ATI RN
ATI RN Exit Exam
1. A client with type 1 diabetes mellitus is being taught self-administration of insulin by a nurse. Which of the following instructions should the nurse include?
- A. Inject air into the vial before withdrawing the insulin.
- B. Draw up the short-acting insulin first, then the long-acting insulin.
- C. Store unopened insulin vials in the freezer.

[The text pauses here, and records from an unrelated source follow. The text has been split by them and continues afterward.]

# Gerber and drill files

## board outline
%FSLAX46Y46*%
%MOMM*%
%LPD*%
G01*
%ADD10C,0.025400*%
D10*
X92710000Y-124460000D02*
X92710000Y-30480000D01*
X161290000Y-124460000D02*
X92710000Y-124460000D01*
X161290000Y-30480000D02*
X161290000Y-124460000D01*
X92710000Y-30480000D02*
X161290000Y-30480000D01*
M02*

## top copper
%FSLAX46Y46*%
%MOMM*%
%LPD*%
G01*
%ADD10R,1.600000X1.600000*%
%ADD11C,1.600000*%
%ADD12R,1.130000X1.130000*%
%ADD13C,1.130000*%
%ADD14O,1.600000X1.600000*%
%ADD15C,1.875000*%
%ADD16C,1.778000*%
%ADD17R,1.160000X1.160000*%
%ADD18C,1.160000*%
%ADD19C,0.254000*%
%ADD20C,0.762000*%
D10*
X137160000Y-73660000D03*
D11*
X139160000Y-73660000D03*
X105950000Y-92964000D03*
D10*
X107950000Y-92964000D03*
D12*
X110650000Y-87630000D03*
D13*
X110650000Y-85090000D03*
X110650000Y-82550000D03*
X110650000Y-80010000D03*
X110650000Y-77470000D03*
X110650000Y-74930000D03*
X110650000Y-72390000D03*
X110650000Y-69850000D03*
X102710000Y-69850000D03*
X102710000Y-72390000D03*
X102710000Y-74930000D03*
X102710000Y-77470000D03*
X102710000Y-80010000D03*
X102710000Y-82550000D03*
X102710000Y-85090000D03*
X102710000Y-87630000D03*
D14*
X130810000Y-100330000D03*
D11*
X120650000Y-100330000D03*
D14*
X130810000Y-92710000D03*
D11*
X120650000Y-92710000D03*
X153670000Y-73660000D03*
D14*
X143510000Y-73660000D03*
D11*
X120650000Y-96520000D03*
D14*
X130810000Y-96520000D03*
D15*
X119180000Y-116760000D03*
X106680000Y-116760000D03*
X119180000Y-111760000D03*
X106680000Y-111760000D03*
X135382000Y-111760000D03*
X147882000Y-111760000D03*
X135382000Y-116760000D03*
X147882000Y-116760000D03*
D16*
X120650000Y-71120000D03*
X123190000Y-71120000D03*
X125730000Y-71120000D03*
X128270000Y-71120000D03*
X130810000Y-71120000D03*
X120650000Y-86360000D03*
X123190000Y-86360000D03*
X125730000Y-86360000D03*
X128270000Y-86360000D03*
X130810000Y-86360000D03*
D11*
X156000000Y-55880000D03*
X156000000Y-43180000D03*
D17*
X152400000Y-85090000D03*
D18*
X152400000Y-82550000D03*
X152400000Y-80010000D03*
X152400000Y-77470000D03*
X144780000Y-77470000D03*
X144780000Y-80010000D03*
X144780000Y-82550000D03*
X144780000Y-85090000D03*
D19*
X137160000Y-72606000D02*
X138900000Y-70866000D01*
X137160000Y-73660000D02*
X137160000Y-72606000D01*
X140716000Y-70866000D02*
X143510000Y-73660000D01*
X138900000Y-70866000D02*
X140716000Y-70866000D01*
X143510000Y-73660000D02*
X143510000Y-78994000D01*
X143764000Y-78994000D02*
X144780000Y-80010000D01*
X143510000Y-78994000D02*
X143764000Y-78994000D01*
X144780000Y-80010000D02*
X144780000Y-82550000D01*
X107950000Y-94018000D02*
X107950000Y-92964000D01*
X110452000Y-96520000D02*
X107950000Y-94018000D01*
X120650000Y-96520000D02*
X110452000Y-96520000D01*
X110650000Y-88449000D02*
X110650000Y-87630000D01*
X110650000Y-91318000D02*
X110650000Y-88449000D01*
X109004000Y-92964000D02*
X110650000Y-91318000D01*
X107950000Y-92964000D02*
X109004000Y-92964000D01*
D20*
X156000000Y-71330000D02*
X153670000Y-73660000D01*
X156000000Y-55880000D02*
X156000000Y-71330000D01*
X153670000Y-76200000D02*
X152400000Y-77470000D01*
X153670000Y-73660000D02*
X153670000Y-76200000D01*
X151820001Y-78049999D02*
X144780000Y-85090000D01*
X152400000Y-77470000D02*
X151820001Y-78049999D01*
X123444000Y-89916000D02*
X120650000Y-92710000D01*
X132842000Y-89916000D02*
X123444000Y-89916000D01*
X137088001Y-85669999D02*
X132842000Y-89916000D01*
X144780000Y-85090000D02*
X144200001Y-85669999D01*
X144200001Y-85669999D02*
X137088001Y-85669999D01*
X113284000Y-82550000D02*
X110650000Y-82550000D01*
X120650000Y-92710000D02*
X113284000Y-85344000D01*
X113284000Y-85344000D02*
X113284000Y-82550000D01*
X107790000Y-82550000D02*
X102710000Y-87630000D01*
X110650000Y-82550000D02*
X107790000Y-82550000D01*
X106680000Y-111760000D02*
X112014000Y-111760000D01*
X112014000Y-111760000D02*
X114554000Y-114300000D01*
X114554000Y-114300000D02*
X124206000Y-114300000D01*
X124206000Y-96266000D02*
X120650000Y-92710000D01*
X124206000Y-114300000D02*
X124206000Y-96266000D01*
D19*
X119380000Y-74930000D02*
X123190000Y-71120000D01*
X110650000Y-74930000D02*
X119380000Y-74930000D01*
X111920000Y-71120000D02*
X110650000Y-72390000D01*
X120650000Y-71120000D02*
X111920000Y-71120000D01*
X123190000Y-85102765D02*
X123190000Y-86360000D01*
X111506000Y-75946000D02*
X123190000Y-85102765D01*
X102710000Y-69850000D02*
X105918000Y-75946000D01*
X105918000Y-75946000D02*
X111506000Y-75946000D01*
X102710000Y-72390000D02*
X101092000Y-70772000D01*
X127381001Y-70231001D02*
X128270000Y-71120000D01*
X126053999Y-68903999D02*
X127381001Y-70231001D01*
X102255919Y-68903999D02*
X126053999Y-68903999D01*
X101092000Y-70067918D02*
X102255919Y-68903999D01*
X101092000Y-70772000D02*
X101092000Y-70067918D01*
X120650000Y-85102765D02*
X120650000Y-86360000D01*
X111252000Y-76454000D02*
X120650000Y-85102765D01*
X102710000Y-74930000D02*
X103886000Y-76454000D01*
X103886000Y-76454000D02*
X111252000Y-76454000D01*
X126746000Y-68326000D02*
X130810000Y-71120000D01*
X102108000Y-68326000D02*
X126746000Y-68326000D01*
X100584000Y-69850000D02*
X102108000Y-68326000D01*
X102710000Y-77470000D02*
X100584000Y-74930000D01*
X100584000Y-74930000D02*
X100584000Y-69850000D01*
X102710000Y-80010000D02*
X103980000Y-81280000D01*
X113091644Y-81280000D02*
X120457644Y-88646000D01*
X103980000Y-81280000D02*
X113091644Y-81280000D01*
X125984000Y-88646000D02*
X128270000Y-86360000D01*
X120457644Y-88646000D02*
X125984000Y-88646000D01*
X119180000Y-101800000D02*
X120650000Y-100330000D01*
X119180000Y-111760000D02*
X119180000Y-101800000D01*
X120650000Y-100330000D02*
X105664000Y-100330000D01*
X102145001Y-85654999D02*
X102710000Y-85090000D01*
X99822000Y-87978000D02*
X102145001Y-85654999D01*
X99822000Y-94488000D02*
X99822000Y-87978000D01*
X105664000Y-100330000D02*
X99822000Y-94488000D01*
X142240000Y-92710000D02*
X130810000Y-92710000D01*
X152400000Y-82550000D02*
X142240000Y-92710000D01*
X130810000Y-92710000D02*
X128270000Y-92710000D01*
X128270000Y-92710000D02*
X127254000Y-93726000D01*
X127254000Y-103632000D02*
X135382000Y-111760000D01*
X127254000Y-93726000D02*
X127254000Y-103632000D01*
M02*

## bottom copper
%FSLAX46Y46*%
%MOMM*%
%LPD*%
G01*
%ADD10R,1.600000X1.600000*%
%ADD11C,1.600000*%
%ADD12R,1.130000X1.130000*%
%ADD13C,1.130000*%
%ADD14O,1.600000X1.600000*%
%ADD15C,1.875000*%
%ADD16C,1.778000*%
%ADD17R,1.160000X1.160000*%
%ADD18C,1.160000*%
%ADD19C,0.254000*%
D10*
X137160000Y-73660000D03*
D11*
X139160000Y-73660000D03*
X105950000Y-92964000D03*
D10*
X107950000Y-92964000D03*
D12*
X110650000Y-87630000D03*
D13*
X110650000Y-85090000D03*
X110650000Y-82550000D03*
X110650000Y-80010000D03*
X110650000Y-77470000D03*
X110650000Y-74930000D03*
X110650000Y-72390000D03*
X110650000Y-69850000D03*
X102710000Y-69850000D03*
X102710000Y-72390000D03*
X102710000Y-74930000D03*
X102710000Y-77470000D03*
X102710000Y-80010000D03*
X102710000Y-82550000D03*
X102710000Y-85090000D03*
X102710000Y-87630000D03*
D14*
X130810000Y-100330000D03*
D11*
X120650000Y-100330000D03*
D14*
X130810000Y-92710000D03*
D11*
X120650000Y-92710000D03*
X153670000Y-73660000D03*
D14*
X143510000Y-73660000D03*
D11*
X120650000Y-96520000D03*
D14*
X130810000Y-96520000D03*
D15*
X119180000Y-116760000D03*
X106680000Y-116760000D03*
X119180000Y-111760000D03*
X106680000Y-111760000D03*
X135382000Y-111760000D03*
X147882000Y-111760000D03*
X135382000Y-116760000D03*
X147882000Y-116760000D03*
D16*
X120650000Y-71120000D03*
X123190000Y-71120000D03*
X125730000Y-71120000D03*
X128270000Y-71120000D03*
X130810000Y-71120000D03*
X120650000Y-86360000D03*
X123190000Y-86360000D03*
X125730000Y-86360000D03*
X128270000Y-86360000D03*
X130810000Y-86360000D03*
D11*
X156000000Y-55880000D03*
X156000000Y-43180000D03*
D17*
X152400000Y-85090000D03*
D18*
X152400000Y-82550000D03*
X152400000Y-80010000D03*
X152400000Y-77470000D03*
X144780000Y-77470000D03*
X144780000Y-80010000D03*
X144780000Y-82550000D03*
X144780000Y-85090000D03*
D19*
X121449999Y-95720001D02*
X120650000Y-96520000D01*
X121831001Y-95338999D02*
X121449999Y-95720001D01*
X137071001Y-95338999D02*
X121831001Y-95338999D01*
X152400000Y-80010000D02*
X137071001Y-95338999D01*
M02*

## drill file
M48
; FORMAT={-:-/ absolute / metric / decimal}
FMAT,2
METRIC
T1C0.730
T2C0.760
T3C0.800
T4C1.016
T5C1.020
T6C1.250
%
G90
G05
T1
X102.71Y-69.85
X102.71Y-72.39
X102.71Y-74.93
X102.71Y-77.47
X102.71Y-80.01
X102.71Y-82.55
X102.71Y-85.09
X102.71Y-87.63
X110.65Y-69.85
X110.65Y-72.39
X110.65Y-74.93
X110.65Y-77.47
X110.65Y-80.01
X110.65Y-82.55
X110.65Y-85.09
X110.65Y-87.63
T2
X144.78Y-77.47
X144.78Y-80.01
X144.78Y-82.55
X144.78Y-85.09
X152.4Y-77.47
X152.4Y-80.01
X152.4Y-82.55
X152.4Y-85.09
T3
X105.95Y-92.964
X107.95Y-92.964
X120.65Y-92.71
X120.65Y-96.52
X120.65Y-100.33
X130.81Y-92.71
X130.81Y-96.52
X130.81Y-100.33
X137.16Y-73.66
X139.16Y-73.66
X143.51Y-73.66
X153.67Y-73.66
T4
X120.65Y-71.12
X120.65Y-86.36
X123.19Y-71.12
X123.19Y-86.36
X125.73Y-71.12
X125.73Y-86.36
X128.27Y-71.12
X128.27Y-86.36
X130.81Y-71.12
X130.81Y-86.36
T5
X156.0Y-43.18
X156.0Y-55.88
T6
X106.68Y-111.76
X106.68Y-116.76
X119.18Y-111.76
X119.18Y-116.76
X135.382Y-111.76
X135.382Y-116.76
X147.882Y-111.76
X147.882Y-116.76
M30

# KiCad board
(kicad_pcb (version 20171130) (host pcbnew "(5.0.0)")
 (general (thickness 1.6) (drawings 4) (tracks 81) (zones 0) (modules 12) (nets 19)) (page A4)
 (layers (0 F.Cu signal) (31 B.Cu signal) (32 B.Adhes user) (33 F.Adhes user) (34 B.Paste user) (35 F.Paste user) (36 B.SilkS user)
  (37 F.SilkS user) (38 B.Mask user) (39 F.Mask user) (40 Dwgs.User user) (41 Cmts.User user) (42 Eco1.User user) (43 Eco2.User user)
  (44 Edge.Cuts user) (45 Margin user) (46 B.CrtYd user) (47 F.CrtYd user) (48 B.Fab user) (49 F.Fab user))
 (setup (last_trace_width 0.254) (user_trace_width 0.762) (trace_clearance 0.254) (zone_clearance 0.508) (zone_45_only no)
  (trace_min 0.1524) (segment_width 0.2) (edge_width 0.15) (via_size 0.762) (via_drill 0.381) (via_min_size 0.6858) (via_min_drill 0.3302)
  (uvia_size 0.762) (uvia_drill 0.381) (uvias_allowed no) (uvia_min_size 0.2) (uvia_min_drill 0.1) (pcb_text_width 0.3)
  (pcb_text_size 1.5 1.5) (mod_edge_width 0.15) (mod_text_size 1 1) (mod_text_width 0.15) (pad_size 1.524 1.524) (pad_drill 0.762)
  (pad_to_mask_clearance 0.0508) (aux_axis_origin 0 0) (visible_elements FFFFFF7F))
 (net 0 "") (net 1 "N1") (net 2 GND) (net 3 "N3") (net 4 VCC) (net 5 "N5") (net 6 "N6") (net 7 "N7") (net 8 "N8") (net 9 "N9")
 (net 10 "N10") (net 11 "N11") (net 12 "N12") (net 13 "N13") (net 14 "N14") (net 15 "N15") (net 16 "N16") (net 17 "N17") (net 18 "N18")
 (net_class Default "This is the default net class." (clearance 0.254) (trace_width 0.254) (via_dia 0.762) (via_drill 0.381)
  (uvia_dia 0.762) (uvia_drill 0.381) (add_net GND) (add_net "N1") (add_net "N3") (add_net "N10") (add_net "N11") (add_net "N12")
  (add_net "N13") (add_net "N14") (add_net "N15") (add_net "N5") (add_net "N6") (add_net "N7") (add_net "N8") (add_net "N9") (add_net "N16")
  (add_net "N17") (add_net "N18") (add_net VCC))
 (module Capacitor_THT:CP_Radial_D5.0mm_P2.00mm (layer F.Cu) (at 137.16 73.66)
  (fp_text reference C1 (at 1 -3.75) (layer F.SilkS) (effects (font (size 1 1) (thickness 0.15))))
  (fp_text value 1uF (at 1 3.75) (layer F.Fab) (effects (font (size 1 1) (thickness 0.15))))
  (pad 1 thru_hole rect (at 0 0) (size 1.6 1.6) (drill 0.8) (layers *.Cu *.Mask) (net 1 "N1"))
  (pad 2 thru_hole circle (at 2 0) (size 1.6 1.6) (drill 0.8) (layers *.Cu *.Mask) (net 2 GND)))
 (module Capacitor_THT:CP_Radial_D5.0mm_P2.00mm (layer F.Cu) (at 107.95 92.964 180)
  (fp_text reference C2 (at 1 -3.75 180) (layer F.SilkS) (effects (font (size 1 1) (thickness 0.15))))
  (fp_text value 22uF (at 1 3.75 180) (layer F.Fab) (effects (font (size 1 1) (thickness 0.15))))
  (pad 2 thru_hole circle (at 2 0 180) (size 1.6 1.6) (drill 0.8) (layers *.Cu *.Mask) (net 2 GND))
  (pad 1 thru_hole rect (at 0 0 180) (size 1.6 1.6) (drill 0.8) (layers *.Cu *.Mask) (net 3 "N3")))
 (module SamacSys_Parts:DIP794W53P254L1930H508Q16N (layer F.Cu) (at 106.68 78.74 180)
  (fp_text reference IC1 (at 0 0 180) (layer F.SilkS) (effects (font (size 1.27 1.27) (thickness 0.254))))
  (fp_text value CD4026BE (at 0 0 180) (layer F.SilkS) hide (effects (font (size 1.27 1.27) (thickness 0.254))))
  (pad 1 thru_hole rect (at -3.97 -8.89 180) (size 1.13 1.13) (drill 0.73) (layers *.Cu *.Mask) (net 3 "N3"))
  (pad 2 thru_hole circle (at -3.97 -6.35 180) (size 1.13 1.13) (drill 0.73) (layers *.Cu *.Mask) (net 2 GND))
  (pad 3 thru_hole circle (at -3.97 -3.81 180) (size 1.13 1.13) (drill 0.73) (layers *.Cu *.Mask) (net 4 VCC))
  (pad 4 thru_hole circle (at -3.97 -1.27 180) (size 1.13 1.13) (drill 0.73) (layers *.Cu *.Mask) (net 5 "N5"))
  (pad 5 thru_hole circle (at -3.97 1.27 180) (size 1.13 1.13) (drill 0.73) (layers *.Cu *.Mask) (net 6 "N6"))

- D. Rotate injection sites within the same anatomical region.
Correct answer: D
Rationale: The correct instruction the nurse should include is to rotate injection sites within the same anatomical region. This practice helps reduce the risk of lipodystrophy, a condition characterized by fatty tissue changes due to repeated insulin injections in the same spot. By rotating sites, the client ensures better insulin absorption and prevents localized skin changes. Injecting air into the vial before withdrawing insulin (Choice A) is unnecessary and not recommended. Drawing up short-acting insulin before long-acting insulin (Choice B) is not a standard practice and can lead to errors in dosing. Storing unopened insulin vials in the freezer (Choice C) is incorrect as insulin should be stored in the refrigerator, not the freezer, to maintain its effectiveness.
2. A nurse is providing dietary teaching to a client with chronic kidney disease. Which of the following foods should the nurse recommend?
- A. Canned soup
- B. Bananas
- C. White bread
- D. Processed meats
Correct answer: C
Rationale: The correct answer is C: White bread. White bread is low in potassium, making it a suitable choice for clients with chronic kidney disease to prevent hyperkalemia. Canned soup (choice A), bananas (choice B), and processed meats (choice D) are high in potassium and should be limited or avoided by individuals with chronic kidney disease to manage their condition effectively.
3. What is the initial nursing action for a patient presenting with chest pain?
- A. Administer aspirin
- B. Reposition the patient
- C. Provide pain relief
- D. Prepare for surgery
Correct answer: A
Rationale: The correct initial nursing action for a patient presenting with chest pain is to administer aspirin. Aspirin helps reduce the risk of further clot formation in patients experiencing chest pain, as it has antiplatelet effects. Repositioning the patient, providing pain relief, or preparing for surgery are not the first-line interventions for chest pain. Repositioning the patient may be necessary to ensure comfort and safety, pain relief can be provided after further assessment and diagnostic tests, and preparing for surgery would only be considered after a thorough evaluation and confirmation of the need for surgical intervention.
4. A nurse is caring for a client who has left-sided heart failure. Which of the following findings should the nurse expect?
- A. Peripheral edema.
- B. Bradycardia.
- C. Jugular vein distention.
- D. Dependent edema.
Correct answer: C
Rationale: Jugular vein distention is a classic sign of left-sided heart failure due to fluid overload in the pulmonary circulation. This occurs because the heart's left side is unable to pump effectively, causing increased pressure in the pulmonary veins and leading to blood backing up into the pulmonary circulation. Peripheral edema (choice A) and dependent edema (choice D) are more commonly associated with right-sided heart failure where blood pools in the systemic circulation, causing swelling in the extremities. Bradycardia (choice B) is not typically a direct consequence of left-sided heart failure; instead, tachycardia is more commonly seen as the heart compensates for its reduced efficiency.
5. A nurse is caring for a client who has pneumonia. Which of the following findings should the nurse report to the provider?
- A. Productive cough with green sputum
- B. Temperature of 37.1°C (98.8°F)
- C. Crackles in the lung bases
- D. Oxygen saturation of 95%
Correct answer: C
Rationale: In a client with pneumonia, crackles in the lung bases can indicate fluid accumulation, worsening of the condition, or development of complications such as pulmonary edema. This finding should be reported to the provider promptly for further evaluation and management. Choices A, B, and D are common in clients with pneumonia and may not necessarily require immediate reporting unless accompanied by other concerning symptoms or vital sign abnormalities.